### Work task
Each record below needs to be retyped exactly.

### Task material
——————————

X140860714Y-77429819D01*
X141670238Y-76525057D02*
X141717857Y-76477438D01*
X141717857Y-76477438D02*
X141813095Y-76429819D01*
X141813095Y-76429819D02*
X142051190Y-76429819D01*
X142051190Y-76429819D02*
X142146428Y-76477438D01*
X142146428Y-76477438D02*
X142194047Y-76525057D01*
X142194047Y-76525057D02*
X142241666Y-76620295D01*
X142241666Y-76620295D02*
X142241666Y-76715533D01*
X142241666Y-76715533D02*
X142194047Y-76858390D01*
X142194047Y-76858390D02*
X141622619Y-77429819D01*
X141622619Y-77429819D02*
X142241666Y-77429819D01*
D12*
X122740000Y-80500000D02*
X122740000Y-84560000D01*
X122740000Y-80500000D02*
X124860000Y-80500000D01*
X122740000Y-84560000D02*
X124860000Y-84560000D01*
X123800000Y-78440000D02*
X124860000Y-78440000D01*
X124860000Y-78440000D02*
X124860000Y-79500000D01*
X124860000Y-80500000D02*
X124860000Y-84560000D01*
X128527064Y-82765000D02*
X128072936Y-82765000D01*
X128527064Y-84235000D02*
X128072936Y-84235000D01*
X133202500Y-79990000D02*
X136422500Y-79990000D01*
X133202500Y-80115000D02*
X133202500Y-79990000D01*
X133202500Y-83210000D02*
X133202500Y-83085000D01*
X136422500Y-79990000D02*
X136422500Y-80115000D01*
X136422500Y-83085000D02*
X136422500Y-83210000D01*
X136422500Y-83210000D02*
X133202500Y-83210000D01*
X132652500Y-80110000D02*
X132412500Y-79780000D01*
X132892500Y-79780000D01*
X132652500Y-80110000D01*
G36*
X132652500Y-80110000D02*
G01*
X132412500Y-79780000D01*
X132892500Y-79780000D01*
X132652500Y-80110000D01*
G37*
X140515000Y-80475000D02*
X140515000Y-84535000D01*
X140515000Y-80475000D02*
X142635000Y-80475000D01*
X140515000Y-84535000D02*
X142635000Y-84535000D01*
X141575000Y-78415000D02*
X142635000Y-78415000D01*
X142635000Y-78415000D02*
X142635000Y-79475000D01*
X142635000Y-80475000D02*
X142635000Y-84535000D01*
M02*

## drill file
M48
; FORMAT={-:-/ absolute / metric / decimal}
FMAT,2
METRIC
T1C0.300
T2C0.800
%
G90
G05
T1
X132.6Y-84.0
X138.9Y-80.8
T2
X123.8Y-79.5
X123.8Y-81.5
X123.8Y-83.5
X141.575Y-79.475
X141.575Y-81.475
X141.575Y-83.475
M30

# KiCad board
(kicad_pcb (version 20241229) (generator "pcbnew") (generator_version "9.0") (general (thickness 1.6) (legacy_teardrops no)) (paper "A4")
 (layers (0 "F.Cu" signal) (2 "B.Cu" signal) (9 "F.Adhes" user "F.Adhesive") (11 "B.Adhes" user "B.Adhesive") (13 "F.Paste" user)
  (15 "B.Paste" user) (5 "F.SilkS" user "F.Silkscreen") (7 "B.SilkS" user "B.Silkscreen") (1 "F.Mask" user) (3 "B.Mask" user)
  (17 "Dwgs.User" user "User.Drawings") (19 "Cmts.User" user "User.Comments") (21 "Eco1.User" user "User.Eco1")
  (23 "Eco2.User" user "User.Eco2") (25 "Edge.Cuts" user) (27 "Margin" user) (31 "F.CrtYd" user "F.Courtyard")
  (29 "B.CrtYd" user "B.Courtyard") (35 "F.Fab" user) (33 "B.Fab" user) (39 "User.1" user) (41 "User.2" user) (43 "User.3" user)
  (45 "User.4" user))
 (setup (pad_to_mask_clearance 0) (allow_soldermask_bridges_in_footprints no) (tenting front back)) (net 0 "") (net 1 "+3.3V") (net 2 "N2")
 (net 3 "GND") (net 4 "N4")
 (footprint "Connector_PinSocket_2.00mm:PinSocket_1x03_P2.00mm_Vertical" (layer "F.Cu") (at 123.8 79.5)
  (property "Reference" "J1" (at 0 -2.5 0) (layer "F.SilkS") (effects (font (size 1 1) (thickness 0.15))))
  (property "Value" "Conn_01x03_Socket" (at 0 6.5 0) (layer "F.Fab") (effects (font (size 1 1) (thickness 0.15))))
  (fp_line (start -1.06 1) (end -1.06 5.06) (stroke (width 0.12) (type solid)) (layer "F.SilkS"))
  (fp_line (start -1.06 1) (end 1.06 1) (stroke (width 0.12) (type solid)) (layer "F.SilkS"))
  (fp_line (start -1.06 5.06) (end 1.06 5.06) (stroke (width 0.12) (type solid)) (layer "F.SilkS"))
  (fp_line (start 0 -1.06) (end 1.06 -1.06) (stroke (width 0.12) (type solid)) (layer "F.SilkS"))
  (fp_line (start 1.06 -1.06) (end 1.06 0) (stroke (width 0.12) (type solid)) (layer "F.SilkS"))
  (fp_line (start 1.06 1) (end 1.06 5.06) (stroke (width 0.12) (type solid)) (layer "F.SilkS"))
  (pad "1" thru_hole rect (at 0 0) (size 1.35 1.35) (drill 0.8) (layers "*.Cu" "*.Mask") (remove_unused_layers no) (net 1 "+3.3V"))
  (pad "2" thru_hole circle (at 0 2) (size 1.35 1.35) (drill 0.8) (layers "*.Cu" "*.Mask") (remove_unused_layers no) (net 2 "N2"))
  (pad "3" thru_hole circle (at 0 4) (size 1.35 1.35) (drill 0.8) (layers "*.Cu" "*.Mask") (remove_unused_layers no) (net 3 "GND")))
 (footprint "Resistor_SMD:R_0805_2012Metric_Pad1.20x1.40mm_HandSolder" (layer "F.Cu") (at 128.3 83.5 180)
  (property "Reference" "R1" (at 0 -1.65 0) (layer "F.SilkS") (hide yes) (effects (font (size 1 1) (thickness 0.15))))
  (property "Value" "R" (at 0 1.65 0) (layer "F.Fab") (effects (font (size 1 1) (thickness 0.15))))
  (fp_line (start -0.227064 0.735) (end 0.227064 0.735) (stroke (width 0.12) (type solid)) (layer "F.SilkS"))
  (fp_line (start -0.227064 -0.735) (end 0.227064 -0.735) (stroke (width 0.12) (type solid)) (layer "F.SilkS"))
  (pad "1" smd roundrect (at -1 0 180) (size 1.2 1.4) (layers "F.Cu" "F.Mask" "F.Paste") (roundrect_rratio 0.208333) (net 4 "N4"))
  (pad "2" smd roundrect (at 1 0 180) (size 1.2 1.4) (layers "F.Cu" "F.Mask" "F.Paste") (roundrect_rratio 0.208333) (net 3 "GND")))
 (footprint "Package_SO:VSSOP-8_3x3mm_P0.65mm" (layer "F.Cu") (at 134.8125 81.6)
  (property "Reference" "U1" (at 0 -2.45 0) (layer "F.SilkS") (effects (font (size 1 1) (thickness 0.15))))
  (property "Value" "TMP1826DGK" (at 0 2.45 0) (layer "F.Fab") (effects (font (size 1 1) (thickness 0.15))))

——————————

### Solution to this exercise
X140860714Y-77429819D01*
X141670238Y-76525057D02*
X141717857Y-76477438D01*
X141717857Y-76477438D02*
X141813095Y-76429819D01*
X141813095Y-76429819D02*
X142051190Y-76429819D01*
X142051190Y-76429819D02*
X142146428Y-76477438D01*
X142146428Y-76477438D02*
X142194047Y-76525057D01*
X142194047Y-76525057D02*
X142241666Y-76620295D01*
X142241666Y-76620295D02*
X142241666Y-76715533D01*
X142241666Y-76715533D02*
X142194047Y-76858390D01*
X142194047Y-76858390D02*
X141622619Y-77429819D01*
X141622619Y-77429819D02*
X142241666Y-77429819D01*
D12*
X122740000Y-80500000D02*
X122740000Y-84560000D01*
X122740000Y-80500000D02*
X124860000Y-80500000D01*
X122740000Y-84560000D02*
X124860000Y-84560000D01*
X123800000Y-78440000D02*
X124860000Y-78440000D01*
X124860000Y-78440000D02*
X124860000Y-79500000D01*
X124860000Y-80500000D02*
X124860000Y-84560000D01*
X128527064Y-82765000D02*
X128072936Y-82765000D01*
X128527064Y-84235000D02*
X128072936Y-84235000D01*
X133202500Y-79990000D02*
X136422500Y-79990000D01*
X133202500Y-80115000D02*
X133202500Y-79990000D01*
X133202500Y-83210000D02*
X133202500Y-83085000D01*
X136422500Y-79990000D02*
X136422500Y-80115000D01*
X136422500Y-83085000D02*
X136422500Y-83210000D01*
X136422500Y-83210000D02*
X133202500Y-83210000D01*
X132652500Y-80110000D02*
X132412500Y-79780000D01*
X132892500Y-79780000D01*
X132652500Y-80110000D01*
G36*
X132652500Y-80110000D02*
G01*
X132412500Y-79780000D01*
X132892500Y-79780000D01*
X132652500Y-80110000D01*
G37*
X140515000Y-80475000D02*
X140515000Y-84535000D01*
X140515000Y-80475000D02*
X142635000Y-80475000D01*
X140515000Y-84535000D02*
X142635000Y-84535000D01*
X141575000Y-78415000D02*
X142635000Y-78415000D01*
X142635000Y-78415000D02*
X142635000Y-79475000D01*
X142635000Y-80475000D02*
X142635000Y-84535000D01*
M02*

## drill file
M48
; FORMAT={-:-/ absolute / metric / decimal}
FMAT,2
METRIC
T1C0.300
T2C0.800
%
G90
G05
T1
X132.6Y-84.0
X138.9Y-80.8
T2
X123.8Y-79.5
X123.8Y-81.5
X123.8Y-83.5
X141.575Y-79.475
X141.575Y-81.475
X141.575Y-83.475
M30

# KiCad board
(kicad_pcb (version 20241229) (generator "pcbnew") (generator_version "9.0") (general (thickness 1.6) (legacy_teardrops no)) (paper "A4")
 (layers (0 "F.Cu" signal) (2 "B.Cu" signal) (9 "F.Adhes" user "F.Adhesive") (11 "B.Adhes" user "B.Adhesive") (13 "F.Paste" user)
  (15 "B.Paste" user) (5 "F.SilkS" user "F.Silkscreen") (7 "B.SilkS" user "B.Silkscreen") (1 "F.Mask" user) (3 "B.Mask" user)
  (17 "Dwgs.User" user "User.Drawings") (19 "Cmts.User" user "User.Comments") (21 "Eco1.User" user "User.Eco1")
  (23 "Eco2.User" user "User.Eco2") (25 "Edge.Cuts" user) (27 "Margin" user) (31 "F.CrtYd" user "F.Courtyard")
  (29 "B.CrtYd" user "B.Courtyard") (35 "F.Fab" user) (33 "B.Fab" user) (39 "User.1" user) (41 "User.2" user) (43 "User.3" user)
  (45 "User.4" user))
 (setup (pad_to_mask_clearance 0) (allow_soldermask_bridges_in_footprints no) (tenting front back)) (net 0 "") (net 1 "+3.3V") (net 2 "N2")
 (net 3 "GND") (net 4 "N4")
 (footprint "Connector_PinSocket_2.00mm:PinSocket_1x03_P2.00mm_Vertical" (layer "F.Cu") (at 123.8 79.5)
  (property "Reference" "J1" (at 0 -2.5 0) (layer "F.SilkS") (effects (font (size 1 1) (thickness 0.15))))
  (property "Value" "Conn_01x03_Socket" (at 0 6.5 0) (layer "F.Fab") (effects (font (size 1 1) (thickness 0.15))))
  (fp_line (start -1.06 1) (end -1.06 5.06) (stroke (width 0.12) (type solid)) (layer "F.SilkS"))
  (fp_line (start -1.06 1) (end 1.06 1) (stroke (width 0.12) (type solid)) (layer "F.SilkS"))
  (fp_line (start -1.06 5.06) (end 1.06 5.06) (stroke (width 0.12) (type solid)) (layer "F.SilkS"))
  (fp_line (start 0 -1.06) (end 1.06 -1.06) (stroke (width 0.12) (type solid)) (layer "F.SilkS"))
  (fp_line (start 1.06 -1.06) (end 1.06 0) (stroke (width 0.12) (type solid)) (layer "F.SilkS"))
  (fp_line (start 1.06 1) (end 1.06 5.06) (stroke (width 0.12) (type solid)) (layer "F.SilkS"))
  (pad "1" thru_hole rect (at 0 0) (size 1.35 1.35) (drill 0.8) (layers "*.Cu" "*.Mask") (remove_unused_layers no) (net 1 "+3.3V"))
  (pad "2" thru_hole circle (at 0 2) (size 1.35 1.35) (drill 0.8) (layers "*.Cu" "*.Mask") (remove_unused_layers no) (net 2 "N2"))
  (pad "3" thru_hole circle (at 0 4) (size 1.35 1.35) (drill 0.8) (layers "*.Cu" "*.Mask") (remove_unused_layers no) (net 3 "GND")))
 (footprint "Resistor_SMD:R_0805_2012Metric_Pad1.20x1.40mm_HandSolder" (layer "F.Cu") (at 128.3 83.5 180)
  (property "Reference" "R1" (at 0 -1.65 0) (layer "F.SilkS") (hide yes) (effects (font (size 1 1) (thickness 0.15))))
  (property "Value" "R" (at 0 1.65 0) (layer "F.Fab") (effects (font (size 1 1) (thickness 0.15))))
  (fp_line (start -0.227064 0.735) (end 0.227064 0.735) (stroke (width 0.12) (type solid)) (layer "F.SilkS"))
  (fp_line (start -0.227064 -0.735) (end 0.227064 -0.735) (stroke (width 0.12) (type solid)) (layer "F.SilkS"))
  (pad "1" smd roundrect (at -1 0 180) (size 1.2 1.4) (layers "F.Cu" "F.Mask" "F.Paste") (roundrect_rratio 0.208333) (net 4 "N4"))
  (pad "2" smd roundrect (at 1 0 180) (size 1.2 1.4) (layers "F.Cu" "F.Mask" "F.Paste") (roundrect_rratio 0.208333) (net 3 "GND")))
 (footprint "Package_SO:VSSOP-8_3x3mm_P0.65mm" (layer "F.Cu") (at 134.8125 81.6)
  (property "Reference" "U1" (at 0 -2.45 0) (layer "F.SilkS") (effects (font (size 1 1) (thickness 0.15))))
  (property "Value" "TMP1826DGK" (at 0 2.45 0) (layer "F.Fab") (effects (font (size 1 1) (thickness 0.15))))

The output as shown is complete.